Single-cell scanning photoelectrochemical microscopy using micro-optical-ring electrodes

Abstract

Microelectrodes as analytical sensing tools have gained immense popularity in a wide range of applications, ranging from probe design advancement to single live cell imaging. Micro-optical-ring electrodes (MOREs) are micro-scale ring-electrodes with an optical fiber core, that enables the MORE to conduct an optical signal while performing electrochemistry. Herein, we present a user-friendly and cost-effective method to fabricate MOREs for scanning photoelectrochemical microscopy (SPECM) applications. MOREs were characterized by electrochemistry, numerical modelling, and scanning electron microscopy (SEM), ensuring reproducibility in terms of a well-defined geometry and functionality.
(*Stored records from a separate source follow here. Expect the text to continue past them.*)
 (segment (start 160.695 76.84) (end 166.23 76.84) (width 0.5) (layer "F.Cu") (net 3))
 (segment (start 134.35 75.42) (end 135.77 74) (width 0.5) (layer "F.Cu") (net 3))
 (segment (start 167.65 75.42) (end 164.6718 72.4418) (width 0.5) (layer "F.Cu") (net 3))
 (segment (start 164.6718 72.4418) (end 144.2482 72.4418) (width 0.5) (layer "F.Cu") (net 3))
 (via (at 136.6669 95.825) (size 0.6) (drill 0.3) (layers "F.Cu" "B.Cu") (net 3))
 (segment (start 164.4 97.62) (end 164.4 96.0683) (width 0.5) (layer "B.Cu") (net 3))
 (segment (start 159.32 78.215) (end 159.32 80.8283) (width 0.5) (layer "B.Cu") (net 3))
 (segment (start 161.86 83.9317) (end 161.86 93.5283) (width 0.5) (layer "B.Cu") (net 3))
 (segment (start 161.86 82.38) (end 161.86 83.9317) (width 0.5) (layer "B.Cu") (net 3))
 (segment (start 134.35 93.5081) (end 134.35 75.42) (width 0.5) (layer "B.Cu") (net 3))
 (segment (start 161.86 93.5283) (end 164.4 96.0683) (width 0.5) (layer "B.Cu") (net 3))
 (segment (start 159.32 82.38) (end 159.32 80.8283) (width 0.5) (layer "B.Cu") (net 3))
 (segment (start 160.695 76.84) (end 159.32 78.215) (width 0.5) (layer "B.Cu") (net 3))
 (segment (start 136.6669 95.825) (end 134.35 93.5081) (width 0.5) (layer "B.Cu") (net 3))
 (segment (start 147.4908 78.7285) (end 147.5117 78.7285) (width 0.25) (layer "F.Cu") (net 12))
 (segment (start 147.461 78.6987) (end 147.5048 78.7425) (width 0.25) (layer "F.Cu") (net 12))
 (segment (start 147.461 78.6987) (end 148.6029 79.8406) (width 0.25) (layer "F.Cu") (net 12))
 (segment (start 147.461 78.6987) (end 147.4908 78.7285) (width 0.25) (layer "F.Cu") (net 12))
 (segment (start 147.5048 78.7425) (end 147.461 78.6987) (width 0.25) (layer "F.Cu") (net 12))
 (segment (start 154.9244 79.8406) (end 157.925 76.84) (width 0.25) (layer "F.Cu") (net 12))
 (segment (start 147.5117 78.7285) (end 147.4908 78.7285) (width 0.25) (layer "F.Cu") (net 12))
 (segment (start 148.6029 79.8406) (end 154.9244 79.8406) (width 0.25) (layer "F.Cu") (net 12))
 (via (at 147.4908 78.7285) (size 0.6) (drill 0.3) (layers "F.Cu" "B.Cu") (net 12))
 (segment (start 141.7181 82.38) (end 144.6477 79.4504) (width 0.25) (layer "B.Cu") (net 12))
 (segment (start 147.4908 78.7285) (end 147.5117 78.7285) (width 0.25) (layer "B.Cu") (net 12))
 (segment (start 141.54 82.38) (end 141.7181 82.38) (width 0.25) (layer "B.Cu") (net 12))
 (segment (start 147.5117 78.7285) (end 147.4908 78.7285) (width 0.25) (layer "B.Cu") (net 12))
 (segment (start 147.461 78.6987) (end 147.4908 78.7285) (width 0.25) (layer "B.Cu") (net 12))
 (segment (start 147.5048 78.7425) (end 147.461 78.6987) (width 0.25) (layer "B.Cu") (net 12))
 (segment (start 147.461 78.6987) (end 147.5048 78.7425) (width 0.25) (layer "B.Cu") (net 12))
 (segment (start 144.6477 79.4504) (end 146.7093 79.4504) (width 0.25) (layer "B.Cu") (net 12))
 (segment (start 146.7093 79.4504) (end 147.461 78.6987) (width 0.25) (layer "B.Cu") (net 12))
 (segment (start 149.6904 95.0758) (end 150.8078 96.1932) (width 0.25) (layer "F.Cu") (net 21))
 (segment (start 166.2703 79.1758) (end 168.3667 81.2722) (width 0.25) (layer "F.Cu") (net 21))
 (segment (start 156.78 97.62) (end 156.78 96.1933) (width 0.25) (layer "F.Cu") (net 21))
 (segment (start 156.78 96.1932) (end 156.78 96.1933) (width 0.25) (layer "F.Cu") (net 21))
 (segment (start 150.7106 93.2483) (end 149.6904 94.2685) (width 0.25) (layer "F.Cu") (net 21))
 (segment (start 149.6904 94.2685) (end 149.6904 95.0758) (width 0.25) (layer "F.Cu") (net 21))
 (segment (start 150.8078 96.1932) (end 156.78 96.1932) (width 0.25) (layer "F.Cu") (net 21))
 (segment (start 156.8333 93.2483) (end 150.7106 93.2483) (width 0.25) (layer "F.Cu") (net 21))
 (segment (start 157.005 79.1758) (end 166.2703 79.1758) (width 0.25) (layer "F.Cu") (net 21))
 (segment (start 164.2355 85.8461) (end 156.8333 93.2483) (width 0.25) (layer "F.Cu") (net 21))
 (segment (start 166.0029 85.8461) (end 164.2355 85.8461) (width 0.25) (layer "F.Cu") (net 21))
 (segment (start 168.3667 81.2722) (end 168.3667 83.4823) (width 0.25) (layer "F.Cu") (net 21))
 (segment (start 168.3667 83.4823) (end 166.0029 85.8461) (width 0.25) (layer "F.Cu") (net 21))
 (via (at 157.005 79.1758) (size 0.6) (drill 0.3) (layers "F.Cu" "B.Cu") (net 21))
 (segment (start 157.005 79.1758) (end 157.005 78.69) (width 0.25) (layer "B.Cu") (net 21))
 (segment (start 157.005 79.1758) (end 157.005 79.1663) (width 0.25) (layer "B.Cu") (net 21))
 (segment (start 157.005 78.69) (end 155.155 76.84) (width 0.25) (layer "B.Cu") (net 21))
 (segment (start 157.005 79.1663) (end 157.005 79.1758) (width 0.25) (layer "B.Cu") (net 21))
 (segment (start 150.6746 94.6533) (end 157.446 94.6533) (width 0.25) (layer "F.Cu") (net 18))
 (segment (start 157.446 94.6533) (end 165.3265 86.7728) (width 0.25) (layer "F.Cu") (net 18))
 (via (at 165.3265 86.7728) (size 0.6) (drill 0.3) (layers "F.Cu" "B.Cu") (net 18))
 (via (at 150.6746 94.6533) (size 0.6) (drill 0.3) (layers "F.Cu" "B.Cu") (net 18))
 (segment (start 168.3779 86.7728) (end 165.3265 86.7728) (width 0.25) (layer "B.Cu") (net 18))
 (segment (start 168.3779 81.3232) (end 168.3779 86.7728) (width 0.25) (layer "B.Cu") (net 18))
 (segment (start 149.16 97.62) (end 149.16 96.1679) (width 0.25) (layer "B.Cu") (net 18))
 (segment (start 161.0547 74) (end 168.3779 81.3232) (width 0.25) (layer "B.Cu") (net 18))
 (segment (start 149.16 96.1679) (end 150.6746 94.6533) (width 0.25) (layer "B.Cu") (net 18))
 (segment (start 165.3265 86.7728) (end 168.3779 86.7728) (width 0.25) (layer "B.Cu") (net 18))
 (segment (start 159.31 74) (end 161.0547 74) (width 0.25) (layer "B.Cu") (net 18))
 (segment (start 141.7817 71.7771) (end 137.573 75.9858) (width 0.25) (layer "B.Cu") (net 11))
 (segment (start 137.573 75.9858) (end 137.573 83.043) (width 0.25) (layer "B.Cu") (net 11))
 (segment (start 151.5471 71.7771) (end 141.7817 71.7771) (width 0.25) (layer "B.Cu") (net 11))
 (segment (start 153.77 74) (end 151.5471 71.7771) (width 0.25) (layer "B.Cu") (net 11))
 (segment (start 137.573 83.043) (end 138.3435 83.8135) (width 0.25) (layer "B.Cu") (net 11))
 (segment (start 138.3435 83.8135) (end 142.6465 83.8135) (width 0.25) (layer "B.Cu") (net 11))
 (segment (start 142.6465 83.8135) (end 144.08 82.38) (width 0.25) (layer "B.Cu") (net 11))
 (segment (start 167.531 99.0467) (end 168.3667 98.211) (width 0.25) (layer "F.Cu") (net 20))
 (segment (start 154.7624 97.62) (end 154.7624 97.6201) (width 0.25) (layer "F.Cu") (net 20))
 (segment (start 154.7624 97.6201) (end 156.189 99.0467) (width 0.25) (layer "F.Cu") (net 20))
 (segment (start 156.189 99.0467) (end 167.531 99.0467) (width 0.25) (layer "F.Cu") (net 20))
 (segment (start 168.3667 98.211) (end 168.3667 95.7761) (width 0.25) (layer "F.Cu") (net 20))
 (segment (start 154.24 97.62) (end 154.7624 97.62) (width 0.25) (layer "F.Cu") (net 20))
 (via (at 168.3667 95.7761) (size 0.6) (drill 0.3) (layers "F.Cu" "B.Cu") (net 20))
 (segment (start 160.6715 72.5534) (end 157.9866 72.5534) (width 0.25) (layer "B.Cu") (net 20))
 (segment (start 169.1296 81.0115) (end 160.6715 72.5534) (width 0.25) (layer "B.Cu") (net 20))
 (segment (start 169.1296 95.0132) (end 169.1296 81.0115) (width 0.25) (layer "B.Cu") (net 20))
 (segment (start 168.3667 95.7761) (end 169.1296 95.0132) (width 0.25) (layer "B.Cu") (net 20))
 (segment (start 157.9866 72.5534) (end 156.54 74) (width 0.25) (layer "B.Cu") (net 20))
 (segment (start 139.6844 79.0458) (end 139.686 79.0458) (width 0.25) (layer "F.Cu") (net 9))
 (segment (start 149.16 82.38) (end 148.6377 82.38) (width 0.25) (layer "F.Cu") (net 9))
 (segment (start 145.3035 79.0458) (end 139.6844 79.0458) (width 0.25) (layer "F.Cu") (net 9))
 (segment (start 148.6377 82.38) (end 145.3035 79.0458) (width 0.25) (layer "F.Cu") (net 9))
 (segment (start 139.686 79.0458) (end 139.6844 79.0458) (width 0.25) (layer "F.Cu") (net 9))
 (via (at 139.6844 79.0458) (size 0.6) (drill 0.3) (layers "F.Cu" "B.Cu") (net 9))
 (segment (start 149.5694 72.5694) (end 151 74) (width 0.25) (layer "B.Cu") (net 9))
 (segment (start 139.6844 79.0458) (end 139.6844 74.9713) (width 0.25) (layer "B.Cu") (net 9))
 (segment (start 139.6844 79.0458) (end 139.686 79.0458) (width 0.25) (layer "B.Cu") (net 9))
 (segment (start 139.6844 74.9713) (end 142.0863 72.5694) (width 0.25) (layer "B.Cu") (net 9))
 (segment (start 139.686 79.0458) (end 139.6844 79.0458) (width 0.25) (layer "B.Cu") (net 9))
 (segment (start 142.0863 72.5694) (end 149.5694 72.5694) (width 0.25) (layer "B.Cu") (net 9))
In this study, the integration of MOREs into scanning probe microscopy enabled the spectro-electrochemical detection of N, N, N, N′- Tetramethyl-p-phenyl-enediamine (TMPD) and its oxidized radical cation counterpart. UV-VIS spectroscopy capabilities of MOREs were optimized through tip-to-substrate distance variations. To demonstrate the applicability of MOREs to electrochemical single live cell imaging, oxygen production was detected in living algae (Eremosphaera viridis) by local illumination and concurrent electrochemical measurements.